Convert written text into natural-sounding spoken audio.

  • Model: espnet/kan-bayashi_ljspeech_vits A VITS-based model that produces highly natural and expressive speech in English.

Speech-to-Text

Transcribe spoken audio from various languages into written text.

  • Model: openai/whisper-base OpenAI's Whisper model offers robust, accurate transcription and translation across multiple languages.

Speech Enhancement

Remove background noise and improve the clarity of an audio recording.

  • Model: microsoft/speechbrain-mtl-mimic-voicebank A model trained specifically for speech enhancement and denoising tasks.

Music Generation

Generate short musical audio clips from text descriptions.

  • Model: facebook/musicgen-small A simple and controllable model for generating high-quality music from text prompts.

🔗 Multi-Modal Tools

Visual Question Answering

Answer natural language questions about the contents of an image.

  • Model: dandelin/vilt-b32-finetuned-vqa A vision-and-language transformer (ViLT) model designed for answering questions about images.

Document Question Answering

Answer questions based on the content of a document (e.g., scanned PDFs, images with text).
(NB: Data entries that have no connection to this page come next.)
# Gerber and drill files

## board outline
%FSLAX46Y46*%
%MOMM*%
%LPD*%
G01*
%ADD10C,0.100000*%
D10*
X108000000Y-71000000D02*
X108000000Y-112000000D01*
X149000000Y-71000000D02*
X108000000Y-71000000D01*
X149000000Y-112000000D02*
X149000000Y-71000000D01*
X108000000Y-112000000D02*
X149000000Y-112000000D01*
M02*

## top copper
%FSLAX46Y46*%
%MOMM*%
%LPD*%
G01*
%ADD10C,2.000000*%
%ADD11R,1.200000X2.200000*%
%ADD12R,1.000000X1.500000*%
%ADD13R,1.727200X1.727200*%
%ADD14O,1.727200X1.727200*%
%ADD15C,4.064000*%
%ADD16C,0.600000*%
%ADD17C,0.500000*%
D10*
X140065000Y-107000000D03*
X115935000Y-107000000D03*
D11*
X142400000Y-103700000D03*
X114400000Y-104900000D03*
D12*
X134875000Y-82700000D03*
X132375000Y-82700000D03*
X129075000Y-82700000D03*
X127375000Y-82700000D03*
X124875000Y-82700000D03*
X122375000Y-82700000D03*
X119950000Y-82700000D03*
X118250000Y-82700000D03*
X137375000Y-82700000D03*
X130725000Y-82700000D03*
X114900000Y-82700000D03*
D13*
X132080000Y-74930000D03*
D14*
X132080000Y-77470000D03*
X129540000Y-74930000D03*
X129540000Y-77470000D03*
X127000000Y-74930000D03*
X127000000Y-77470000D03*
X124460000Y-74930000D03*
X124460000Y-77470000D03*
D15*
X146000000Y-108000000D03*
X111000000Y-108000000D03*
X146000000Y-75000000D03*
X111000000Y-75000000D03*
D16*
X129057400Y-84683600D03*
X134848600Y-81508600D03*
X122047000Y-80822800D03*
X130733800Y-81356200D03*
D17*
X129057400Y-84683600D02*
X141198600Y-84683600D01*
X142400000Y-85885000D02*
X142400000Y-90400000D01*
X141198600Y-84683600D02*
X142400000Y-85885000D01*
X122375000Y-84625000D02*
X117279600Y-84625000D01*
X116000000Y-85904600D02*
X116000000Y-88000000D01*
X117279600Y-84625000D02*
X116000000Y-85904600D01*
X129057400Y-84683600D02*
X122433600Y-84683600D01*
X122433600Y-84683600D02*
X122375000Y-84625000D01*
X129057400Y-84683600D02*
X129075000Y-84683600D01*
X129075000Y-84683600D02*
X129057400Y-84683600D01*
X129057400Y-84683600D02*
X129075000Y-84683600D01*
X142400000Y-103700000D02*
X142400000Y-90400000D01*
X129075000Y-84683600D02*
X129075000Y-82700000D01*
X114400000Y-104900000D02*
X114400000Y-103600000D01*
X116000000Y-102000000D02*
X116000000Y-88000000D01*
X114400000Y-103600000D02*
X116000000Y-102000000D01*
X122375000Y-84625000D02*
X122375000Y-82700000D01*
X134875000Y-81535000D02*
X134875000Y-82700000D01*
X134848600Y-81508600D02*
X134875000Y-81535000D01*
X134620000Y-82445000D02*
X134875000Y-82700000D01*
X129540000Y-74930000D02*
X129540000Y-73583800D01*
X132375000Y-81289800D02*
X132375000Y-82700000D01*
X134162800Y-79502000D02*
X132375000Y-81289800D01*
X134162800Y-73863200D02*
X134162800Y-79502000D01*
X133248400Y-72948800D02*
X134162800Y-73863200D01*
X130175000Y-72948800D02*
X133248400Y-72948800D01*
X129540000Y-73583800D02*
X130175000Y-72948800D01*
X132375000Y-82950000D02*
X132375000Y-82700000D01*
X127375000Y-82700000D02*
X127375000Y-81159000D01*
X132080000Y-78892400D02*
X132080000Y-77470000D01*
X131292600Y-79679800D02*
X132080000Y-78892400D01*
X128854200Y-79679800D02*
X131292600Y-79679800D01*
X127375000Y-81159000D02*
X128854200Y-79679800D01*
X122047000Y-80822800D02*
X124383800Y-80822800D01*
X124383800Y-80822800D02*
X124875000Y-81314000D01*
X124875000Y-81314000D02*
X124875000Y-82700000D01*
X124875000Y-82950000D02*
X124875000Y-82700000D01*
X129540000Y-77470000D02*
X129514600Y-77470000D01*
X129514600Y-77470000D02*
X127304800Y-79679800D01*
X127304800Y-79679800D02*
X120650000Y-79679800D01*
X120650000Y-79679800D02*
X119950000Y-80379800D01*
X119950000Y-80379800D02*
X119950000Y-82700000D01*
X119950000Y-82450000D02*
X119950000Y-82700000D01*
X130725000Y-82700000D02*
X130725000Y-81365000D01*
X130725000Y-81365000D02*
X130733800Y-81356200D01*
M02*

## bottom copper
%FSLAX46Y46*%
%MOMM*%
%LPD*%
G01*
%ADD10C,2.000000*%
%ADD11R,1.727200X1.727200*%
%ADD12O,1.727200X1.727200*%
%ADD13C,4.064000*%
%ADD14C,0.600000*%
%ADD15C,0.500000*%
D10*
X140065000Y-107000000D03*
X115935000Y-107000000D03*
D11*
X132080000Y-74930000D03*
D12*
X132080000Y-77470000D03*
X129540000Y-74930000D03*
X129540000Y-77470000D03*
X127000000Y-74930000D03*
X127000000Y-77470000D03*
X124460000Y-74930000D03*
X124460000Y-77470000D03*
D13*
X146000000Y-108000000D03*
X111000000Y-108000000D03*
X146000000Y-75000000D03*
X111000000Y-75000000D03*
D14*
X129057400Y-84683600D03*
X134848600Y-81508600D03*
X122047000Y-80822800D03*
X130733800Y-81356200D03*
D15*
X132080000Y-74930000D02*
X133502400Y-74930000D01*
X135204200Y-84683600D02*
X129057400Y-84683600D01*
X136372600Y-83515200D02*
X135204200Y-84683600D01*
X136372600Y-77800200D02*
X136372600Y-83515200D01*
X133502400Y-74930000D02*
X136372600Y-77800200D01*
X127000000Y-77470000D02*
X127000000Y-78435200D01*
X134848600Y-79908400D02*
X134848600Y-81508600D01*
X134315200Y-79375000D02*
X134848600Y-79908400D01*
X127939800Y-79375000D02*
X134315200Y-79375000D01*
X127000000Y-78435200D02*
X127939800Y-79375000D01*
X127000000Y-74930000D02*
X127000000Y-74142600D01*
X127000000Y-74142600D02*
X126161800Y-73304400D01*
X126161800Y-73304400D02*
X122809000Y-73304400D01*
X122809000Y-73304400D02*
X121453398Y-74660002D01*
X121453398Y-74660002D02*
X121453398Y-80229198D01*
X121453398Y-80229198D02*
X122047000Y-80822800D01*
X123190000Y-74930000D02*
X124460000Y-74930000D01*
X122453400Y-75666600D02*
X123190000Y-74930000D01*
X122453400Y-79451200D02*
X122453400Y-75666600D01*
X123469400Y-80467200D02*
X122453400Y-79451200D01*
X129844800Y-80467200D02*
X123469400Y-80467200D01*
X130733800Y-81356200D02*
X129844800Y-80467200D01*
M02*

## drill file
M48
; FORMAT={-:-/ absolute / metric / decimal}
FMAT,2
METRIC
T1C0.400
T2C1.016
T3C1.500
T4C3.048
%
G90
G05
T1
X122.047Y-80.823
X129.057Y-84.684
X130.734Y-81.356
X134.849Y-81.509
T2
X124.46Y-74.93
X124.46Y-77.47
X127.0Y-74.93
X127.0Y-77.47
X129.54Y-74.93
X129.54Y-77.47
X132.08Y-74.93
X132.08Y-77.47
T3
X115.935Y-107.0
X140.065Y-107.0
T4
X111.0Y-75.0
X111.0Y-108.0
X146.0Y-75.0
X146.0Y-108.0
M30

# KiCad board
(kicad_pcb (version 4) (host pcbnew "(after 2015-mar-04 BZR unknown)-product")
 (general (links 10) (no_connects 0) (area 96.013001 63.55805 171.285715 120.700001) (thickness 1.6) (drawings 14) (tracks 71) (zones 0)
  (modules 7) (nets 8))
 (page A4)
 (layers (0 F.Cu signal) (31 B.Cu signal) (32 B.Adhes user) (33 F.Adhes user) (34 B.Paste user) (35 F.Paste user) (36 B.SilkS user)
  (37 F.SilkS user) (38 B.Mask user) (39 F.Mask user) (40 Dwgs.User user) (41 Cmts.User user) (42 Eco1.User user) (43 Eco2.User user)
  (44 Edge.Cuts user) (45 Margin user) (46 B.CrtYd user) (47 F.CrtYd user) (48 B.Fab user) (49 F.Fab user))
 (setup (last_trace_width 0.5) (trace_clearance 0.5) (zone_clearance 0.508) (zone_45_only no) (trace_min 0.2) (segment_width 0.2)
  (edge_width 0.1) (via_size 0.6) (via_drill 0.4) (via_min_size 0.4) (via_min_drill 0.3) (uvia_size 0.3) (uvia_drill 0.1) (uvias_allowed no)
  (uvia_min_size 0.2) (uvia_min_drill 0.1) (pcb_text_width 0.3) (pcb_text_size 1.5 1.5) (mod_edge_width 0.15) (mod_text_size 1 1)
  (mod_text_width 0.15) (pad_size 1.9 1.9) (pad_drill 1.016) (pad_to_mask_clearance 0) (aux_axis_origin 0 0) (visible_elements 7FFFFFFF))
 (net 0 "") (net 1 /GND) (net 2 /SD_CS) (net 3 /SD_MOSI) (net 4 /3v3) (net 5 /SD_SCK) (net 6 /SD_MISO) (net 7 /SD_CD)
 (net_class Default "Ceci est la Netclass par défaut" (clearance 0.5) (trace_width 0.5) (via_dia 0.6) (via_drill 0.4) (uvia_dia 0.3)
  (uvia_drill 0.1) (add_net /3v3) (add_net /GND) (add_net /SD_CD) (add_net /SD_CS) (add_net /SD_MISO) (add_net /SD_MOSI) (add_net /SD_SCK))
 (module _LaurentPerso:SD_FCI (layer F.Cu) (at 128 107)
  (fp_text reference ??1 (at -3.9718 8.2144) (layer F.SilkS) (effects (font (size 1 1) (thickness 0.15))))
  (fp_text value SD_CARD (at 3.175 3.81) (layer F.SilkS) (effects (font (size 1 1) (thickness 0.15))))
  (pad "" thru_hole circle (at 12.065 0) (size 2 2) (drill 1.5) (layers *.Cu *.Mask F.SilkS))
  (pad "" thru_hole circle (at -12.065 0) (size 2 2) (drill 1.5) (layers *.Cu *.Mask F.SilkS))
  (pad GND smd rect (at 14.4 -3.3) (size 1.2 2.2) (layers F.Cu F.Paste F.Mask) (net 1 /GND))
  (pad GND smd rect (at -13.6 -2.1) (size 1.2 2.2) (layers F.Cu F.Paste F.Mask) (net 1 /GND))
  (pad 1 smd rect (at 6.875 -24.3) (size 1 1.5) (layers F.Cu F.Paste F.Mask) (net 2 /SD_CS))
  (pad 2 smd rect (at 4.375 -24.3) (size 1 1.5) (layers F.Cu F.Paste F.Mask) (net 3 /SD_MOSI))
  (pad 3 smd rect (at 1.075 -24.3) (size 1 1.5) (layers F.Cu F.Paste F.Mask) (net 1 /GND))
  (pad 4 smd rect (at -0.625 -24.3) (size 1 1.5) (layers F.Cu F.Paste F.Mask) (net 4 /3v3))
  (pad 5 smd rect (at -3.125 -24.3) (size 1 1.5) (layers F.Cu F.Paste F.Mask) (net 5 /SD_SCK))
  (pad 6 smd rect (at -5.625 -24.3) (size 1 1.5) (layers F.Cu F.Paste F.Mask) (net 1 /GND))
  (pad 7 smd rect (at -8.05 -24.3) (size 1 1.5) (layers F.Cu F.Paste F.Mask) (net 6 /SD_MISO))
  (pad 8 smd rect (at -9.75 -24.3) (size 1 1.5) (layers F.Cu F.Paste F.Mask))
  (pad 9 smd rect (at 9.375 -24.3) (size 1 1.5) (layers F.Cu F.Paste F.Mask))
  (pad CD smd rect (at 2.725 -24.3) (size 1 1.5) (layers F.Cu F.Paste F.Mask) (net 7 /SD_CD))
  (pad WP smd rect (at -13.1 -24.3) (size 1 1.5) (layers F.Cu F.Paste F.Mask)))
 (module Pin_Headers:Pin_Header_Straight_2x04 (layer F.Cu) (at 132.08 74.93 270)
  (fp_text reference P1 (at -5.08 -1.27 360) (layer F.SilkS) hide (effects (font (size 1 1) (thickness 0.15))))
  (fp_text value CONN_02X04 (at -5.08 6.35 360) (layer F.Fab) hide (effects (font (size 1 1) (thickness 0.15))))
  (pad 1 thru_hole rect (at 0 0 270) (size 1.7272 1.7272) (drill 1.016) (layers *.Cu *.Mask F.SilkS) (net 1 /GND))
  (pad 2 thru_hole oval (at 2.54 0 270) (size 1.7272 1.7272) (drill 1.016) (layers *.Cu *.Mask F.SilkS) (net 4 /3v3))
  (pad 3 thru_hole oval (at 0 2.54 270) (size 1.7272 1.7272) (drill 1.016) (layers *.Cu *.Mask F.SilkS) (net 3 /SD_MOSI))
  (pad 4 thru_hole oval (at 2.54 2.54 270) (size 1.7272 1.7272) (drill 1.016) (layers *.Cu *.Mask F.SilkS) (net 6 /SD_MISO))
  (pad 5 thru_hole oval (at 0 5.08 270) (size 1.7272 1.7272) (drill 1.016) (layers *.Cu *.Mask F.SilkS) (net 5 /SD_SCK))
  (pad 6 thru_hole oval (at 2.54 5.08 270) (size 1.7272 1.7272) (drill 1.016) (layers *.Cu *.Mask F.SilkS) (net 2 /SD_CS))
  (pad 7 thru_hole oval (at 0 7.62 270) (size 1.7272 1.7272) (drill 1.016) (layers *.Cu *.Mask F.SilkS) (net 7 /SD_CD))
  (pad 8 thru_hole oval (at 2.54 7.62 270) (size 1.7272 1.7272) (drill 1.016) (layers *.Cu *.Mask F.SilkS)))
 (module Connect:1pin (layer F.Cu) (at 146 108)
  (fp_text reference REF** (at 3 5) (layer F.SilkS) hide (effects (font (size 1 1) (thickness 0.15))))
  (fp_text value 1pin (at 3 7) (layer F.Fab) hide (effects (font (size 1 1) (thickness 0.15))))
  (pad 1 thru_hole circle (at 0 0) (size 4.064 4.064) (drill 3.048) (layers *.Cu *.Mask F.SilkS)))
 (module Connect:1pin (layer F.Cu) (at 111 108)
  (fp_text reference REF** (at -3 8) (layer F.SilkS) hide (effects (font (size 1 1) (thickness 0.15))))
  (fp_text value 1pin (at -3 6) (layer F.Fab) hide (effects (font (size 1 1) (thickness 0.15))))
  (pad 1 thru_hole circle (at 0 0) (size 4.064 4.064) (drill 3.048) (layers *.Cu *.Mask F.SilkS)))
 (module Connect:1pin (layer F.Cu) (at 146 75)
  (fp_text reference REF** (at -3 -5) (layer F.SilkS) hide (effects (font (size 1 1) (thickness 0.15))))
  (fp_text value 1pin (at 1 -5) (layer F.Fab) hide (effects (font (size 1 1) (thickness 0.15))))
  (pad 1 thru_hole circle (at 0 0) (size 4.064 4.064) (drill 3.048) (layers *.Cu *.Mask F.SilkS)))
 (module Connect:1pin (layer F.Cu) (at 111 75)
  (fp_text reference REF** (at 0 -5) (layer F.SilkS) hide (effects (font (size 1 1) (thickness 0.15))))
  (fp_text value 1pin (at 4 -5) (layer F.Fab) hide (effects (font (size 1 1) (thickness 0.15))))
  (pad 1 thru_hole circle (at 0 0) (size 4.064 4.064) (drill 3.048) (layers *.Cu *.Mask F.SilkS)))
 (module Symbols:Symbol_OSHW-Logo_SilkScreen (layer F.Cu) (at 128.016 95.631)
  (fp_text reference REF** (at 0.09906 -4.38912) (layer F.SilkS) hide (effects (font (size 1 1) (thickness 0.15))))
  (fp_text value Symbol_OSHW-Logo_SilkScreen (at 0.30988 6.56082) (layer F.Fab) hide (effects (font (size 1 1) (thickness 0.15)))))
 (gr_line (start 108 71) (end 108 112) (angle 90) (layer Edge.Cuts) (width 0.1))
 (gr_line (start 149 71) (end 108 71) (angle 90) (layer Edge.Cuts) (width 0.1))
 (gr_line (start 149 112) (end 149 71) (angle 90) (layer Edge.Cuts) (width 0.1))
 (gr_line (start 108 112) (end 149 112) (angle 90) (layer Edge.Cuts) (width 0.1))
 (segment (start 129.0574 84.6836) (end 141.1986 84.6836) (width 0.5) (layer F.Cu) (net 1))
 (segment (start 142.4 85.885) (end 142.4 90.4) (width 0.5) (layer F.Cu) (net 1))
 (segment (start 141.1986 84.6836) (end 142.4 85.885) (width 0.5) (layer F.Cu) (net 1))
 (segment (start 122.375 84.625) (end 117.2796 84.625) (width 0.5) (layer F.Cu) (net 1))
 (segment (start 116 85.9046) (end 116 88) (width 0.5) (layer F.Cu) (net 1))
 (segment (start 117.2796 84.625) (end 116 85.9046) (width 0.5) (layer F.Cu) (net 1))
 (segment (start 129.0574 84.6836) (end 122.4336 84.6836) (width 0.5) (layer F.Cu) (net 1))
 (segment (start 122.4336 84.6836) (end 122.375 84.625) (width 0.5) (layer F.Cu) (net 1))
 (segment (start 132.08 74.93) (end 133.5024 74.93) (width 0.5) (layer B.Cu) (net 1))
 (via (at 129.0574 84.6836) (size 0.6) (layers F.Cu B.Cu) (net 1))
 (segment (start 135.2042 84.6836) (end 129.0574 84.6836) (width 0.5) (layer B.Cu) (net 1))
 (segment (start 136.3726 83.5152) (end 135.2042 84.6836) (width 0.5) (layer B.Cu) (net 1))
 (segment (start 136.3726 77.8002) (end 136.3726 83.5152) (width 0.5) (layer B.Cu) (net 1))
  • Model: impira/layoutlm-document-qa A model that understands the layout of documents (text + spatial information) to answer questions accurately.

Embeddings Generator

Create numerical vector representations (embeddings) of text, images, or audio for analysis and search.

  • Model: sentence-transformers/all-MiniLM-L6-v2 A versatile model that maps sentences and paragraphs to a dense vector space, perfect for semantic search and clustering.

Quick Start

Installation

  1. Clone the repository:
git clone https://github.com/alinrajpoot/genr-kit.git
cd genr-kit
  1. Install dependencies:
pip install -r requirements.txt
  1. Run the server:
python main.py

The API will be available at http://localhost:9000

Usage

Once the server is running, visit http://localhost:9000 in browser.

Requirements

  • Python 3.8+
  • Gradio
  • Hugging Face Transformers
  • PyTorch
  • Pillow (PIL)

License

Open source - feel free to contribute and improve!